Las hijas de Pedro Sureda, las hermanas Sureda-Cañellas, han cuidado del legado transmitido por su padre y han ido exponiendo la obra de éste, o de su tía Pazzis, o recordando al poeta Jacobo, y manteniendo ese espíritu inconfundible que es el sello de los Sureda de Valldemossa. Elvira murió el verano pasado y quedan Catalina y Ñon. Como ya ocurrió en el Solleric hace un cuarto de siglo, ahora se expone el mundo de Pedro Sureda en el Museu del Fang de Marratxí, que fue su casa.
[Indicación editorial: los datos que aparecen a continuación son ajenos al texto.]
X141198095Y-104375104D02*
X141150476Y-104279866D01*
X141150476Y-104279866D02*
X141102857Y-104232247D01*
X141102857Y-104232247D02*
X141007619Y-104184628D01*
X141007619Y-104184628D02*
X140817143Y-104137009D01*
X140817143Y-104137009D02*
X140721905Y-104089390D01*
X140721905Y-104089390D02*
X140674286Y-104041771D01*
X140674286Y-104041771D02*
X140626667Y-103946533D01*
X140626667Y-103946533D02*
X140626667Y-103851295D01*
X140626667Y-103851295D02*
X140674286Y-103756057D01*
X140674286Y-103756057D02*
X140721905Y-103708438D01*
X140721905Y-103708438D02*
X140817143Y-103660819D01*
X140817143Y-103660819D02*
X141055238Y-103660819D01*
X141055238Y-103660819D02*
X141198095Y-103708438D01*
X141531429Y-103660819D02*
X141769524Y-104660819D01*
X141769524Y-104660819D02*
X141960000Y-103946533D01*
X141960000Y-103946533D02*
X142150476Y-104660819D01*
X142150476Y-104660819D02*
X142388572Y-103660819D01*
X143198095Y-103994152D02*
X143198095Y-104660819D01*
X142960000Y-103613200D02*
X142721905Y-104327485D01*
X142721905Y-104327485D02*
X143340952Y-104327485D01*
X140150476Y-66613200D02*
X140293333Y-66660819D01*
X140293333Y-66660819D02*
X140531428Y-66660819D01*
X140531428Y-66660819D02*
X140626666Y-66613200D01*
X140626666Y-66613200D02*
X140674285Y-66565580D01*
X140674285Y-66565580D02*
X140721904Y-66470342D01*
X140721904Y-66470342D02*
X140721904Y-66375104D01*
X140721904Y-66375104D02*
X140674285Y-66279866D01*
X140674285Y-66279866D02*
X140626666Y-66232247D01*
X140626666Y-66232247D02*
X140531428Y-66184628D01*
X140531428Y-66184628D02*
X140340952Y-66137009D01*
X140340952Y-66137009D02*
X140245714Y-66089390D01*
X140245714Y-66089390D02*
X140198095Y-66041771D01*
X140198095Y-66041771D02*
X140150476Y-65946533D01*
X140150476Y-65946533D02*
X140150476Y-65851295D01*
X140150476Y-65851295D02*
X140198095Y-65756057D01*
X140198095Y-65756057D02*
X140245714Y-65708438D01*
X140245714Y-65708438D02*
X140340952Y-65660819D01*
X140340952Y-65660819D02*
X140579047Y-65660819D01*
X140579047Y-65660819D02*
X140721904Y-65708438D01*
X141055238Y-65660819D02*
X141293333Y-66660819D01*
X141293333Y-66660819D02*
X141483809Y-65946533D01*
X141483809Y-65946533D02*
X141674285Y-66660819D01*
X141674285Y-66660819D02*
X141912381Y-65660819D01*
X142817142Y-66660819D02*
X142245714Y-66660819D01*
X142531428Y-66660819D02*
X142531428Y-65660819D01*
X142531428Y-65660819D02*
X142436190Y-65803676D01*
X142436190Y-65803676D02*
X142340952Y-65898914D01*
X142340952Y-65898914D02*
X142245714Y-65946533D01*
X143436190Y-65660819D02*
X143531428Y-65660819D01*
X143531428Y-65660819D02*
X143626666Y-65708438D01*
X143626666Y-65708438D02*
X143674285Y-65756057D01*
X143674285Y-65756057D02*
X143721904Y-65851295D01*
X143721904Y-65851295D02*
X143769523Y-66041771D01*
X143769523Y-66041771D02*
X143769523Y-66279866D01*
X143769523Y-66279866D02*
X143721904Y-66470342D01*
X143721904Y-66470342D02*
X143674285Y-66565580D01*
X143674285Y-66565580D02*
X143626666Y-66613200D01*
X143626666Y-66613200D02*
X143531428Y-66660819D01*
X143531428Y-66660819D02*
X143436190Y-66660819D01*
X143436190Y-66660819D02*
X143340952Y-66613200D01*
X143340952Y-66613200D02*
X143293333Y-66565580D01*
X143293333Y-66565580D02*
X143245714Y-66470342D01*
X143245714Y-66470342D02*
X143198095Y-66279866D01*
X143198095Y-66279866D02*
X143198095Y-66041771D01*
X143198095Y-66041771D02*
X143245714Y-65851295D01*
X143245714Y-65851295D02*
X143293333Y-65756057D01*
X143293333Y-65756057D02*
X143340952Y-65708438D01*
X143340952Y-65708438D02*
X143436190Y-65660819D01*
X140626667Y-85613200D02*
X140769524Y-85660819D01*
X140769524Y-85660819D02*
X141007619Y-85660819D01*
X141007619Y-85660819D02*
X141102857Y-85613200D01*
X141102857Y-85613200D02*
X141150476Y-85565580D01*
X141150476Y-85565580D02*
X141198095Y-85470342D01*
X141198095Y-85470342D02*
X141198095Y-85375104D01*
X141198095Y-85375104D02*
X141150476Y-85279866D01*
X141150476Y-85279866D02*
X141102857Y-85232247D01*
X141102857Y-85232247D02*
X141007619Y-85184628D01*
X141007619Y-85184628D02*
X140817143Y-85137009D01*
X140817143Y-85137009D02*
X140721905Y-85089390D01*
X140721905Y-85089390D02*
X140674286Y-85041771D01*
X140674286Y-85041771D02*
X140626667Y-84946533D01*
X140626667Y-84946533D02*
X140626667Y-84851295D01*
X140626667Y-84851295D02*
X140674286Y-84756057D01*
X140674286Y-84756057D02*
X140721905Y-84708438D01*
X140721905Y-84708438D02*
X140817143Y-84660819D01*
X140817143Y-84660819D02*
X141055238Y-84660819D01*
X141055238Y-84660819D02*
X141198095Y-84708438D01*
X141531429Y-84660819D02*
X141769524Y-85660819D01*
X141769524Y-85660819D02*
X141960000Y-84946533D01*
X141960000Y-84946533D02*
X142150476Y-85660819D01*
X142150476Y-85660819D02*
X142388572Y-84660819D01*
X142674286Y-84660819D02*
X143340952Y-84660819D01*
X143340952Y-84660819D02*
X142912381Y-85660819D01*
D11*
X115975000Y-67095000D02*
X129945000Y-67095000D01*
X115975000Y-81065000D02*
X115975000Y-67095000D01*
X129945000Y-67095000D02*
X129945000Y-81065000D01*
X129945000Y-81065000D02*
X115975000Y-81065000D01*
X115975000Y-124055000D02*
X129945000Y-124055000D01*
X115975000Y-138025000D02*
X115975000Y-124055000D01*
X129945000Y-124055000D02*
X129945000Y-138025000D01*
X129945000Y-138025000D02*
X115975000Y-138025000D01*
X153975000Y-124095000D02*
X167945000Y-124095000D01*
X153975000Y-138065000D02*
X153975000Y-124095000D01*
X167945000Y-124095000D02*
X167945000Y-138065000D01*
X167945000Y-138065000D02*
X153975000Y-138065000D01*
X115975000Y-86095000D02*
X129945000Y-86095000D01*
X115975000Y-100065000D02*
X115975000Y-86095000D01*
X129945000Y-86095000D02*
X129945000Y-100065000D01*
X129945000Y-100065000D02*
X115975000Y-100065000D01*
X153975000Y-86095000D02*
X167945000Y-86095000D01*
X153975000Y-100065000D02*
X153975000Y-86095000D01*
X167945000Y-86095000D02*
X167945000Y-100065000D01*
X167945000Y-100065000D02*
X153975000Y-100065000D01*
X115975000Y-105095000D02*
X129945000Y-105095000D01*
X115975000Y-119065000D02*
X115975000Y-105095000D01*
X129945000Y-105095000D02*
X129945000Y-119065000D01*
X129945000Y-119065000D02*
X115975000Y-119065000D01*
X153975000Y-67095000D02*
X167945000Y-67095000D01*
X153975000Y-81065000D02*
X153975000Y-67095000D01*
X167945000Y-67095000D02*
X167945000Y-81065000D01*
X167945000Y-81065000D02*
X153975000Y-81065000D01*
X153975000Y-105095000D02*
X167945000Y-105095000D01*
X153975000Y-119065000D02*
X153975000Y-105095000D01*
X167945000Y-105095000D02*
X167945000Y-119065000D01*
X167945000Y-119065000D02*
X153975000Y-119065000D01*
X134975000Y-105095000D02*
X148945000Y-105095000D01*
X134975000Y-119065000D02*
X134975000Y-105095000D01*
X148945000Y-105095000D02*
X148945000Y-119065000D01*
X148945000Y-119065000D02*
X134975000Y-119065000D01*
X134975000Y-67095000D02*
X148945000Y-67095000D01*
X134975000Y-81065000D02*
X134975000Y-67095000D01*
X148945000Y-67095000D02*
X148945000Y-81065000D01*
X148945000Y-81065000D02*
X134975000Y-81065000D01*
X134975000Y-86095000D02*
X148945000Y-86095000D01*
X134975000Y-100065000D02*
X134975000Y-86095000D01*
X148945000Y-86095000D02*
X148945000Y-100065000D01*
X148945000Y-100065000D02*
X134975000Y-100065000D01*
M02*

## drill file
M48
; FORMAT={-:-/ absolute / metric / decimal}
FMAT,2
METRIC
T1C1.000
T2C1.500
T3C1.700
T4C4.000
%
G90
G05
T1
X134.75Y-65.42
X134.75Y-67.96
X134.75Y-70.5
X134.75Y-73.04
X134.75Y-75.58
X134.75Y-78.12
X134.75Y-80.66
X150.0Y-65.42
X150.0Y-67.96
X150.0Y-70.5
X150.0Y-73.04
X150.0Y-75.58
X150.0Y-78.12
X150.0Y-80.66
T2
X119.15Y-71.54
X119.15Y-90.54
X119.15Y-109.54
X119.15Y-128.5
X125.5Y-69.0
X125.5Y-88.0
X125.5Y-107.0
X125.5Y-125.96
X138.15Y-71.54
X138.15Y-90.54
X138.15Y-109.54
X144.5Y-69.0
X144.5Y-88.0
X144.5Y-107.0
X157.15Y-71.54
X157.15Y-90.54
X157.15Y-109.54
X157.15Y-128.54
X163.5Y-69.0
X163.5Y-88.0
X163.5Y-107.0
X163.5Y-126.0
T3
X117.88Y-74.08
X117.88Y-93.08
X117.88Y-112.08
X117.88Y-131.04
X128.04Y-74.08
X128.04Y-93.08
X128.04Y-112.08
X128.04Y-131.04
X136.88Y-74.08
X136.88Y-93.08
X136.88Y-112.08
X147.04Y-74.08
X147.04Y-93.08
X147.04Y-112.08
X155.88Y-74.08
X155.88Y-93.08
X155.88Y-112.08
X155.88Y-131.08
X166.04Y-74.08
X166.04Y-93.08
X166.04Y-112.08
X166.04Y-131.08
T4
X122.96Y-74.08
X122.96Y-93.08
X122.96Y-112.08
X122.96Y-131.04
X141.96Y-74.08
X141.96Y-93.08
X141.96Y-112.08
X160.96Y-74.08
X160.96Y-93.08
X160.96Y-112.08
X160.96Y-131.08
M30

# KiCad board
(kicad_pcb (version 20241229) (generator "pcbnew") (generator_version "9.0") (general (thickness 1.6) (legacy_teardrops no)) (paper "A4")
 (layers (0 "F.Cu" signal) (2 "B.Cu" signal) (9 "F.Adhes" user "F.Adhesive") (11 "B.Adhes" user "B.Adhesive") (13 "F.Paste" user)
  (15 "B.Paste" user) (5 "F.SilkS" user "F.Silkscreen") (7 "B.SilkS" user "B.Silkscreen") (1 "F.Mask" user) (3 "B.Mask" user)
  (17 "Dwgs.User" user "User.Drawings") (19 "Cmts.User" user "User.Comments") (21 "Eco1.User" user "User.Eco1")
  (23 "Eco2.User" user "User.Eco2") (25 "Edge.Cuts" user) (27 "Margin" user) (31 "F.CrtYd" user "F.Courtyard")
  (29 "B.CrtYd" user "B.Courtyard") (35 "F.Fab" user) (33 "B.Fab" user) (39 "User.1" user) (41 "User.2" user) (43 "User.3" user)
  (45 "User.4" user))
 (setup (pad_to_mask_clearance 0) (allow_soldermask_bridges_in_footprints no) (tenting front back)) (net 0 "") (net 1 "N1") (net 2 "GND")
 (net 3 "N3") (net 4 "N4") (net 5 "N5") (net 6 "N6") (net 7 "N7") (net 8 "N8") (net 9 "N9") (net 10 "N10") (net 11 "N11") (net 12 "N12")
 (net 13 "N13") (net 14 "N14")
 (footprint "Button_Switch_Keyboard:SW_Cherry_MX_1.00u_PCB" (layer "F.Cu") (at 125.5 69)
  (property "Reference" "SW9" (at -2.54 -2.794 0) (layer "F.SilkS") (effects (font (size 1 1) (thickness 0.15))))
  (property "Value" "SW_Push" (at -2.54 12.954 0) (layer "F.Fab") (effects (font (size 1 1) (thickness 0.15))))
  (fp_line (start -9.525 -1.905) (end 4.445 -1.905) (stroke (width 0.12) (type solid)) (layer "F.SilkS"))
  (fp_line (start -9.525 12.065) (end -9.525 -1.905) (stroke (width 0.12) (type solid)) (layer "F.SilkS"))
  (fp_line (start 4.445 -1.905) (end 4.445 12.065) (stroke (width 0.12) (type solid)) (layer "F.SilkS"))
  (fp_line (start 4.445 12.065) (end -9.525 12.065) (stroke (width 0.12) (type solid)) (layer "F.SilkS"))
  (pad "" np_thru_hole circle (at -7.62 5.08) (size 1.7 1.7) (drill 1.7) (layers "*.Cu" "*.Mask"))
Sus payeses danzantes, sus divertidos rostros, sus chistes –Cosas de Calafat y Coverbos d’en Pep Mindano–, su pintura, su cerámica, su mundo… allí donde vivió con su mujer Catalina –una de las mujeres más bellas de su generación–, sus tres hijas y su burro Caravaco, animal que festejaron desde Federico Díaz Falcón –vivió en el Hotel Artista de Valldemossa– a Robert Graves y sin saberlo, Virginia Woolf y Lytton Strachey cuando visitaron a Gerald Brenan. Junto a los cuadros y las vitrinas de su casa de la vida –el molino de Sa Cabaneta– hay un vídeo donde vemos algo de lo que fue esa alegría, tan particular y difícil de encontrar –la alegría de convertir la vida en un arte– y un hermoso texto de Raphel Pherrer que refleja impecablemente la atmósfera de la casa-en los 60-70 y el espíritu tutelar de su dueña, Catalina Cañellas. La exposición –comisariada por Catalina Sureda y Elvira González– es una delicia y se produce, sólo entrar, un curioso efecto circular: el retrato de Pedro Sureda pintado por Edward Cook nos mira junto al busto que le hizo su hija Catalina, y más allá, los retratos de Pilar Montaner pintados por su hijo conversan con el dibujo de Pedro Sureda trazado por su madre. Cook, Gittes, Montaner, Sureda… Alrededor de ese círculo están los paisajes de Valldemossa, Sa Marina, Deià y Génova –en los que se respira bajo luces tenues la Mallorca que perdimos–, los graciosos personajes creados por el artista y dos vitrinas de memorabilia que ilustran su faceta más humorística y etnográfica. Titulada Pedro Sureda retorna a ca seva, no deberían perderse esta exposición: es un fragmento de la mejor Mallorca que hayamos tenido nunca y que ya no tendremos jamás. Ya saben: en el Museu del Fang de Marratxí, antes Es Molí d’en Pedro Sureda. Y acabo con un diálogo de Cosas de Calafat de abril de 1971, hace sólo medio siglo, titulado ¿ES O NO ES LA ISLA DE LA CALMA?:

–Per a promocionar es bon turisme i conferir a Mallorca un encant particular, lo primer que s’hauria de fer és limitar sa velocitat.

–I si un homo té pressa?

–A un homo que té pressa, ja no li han de permetre s’entrada!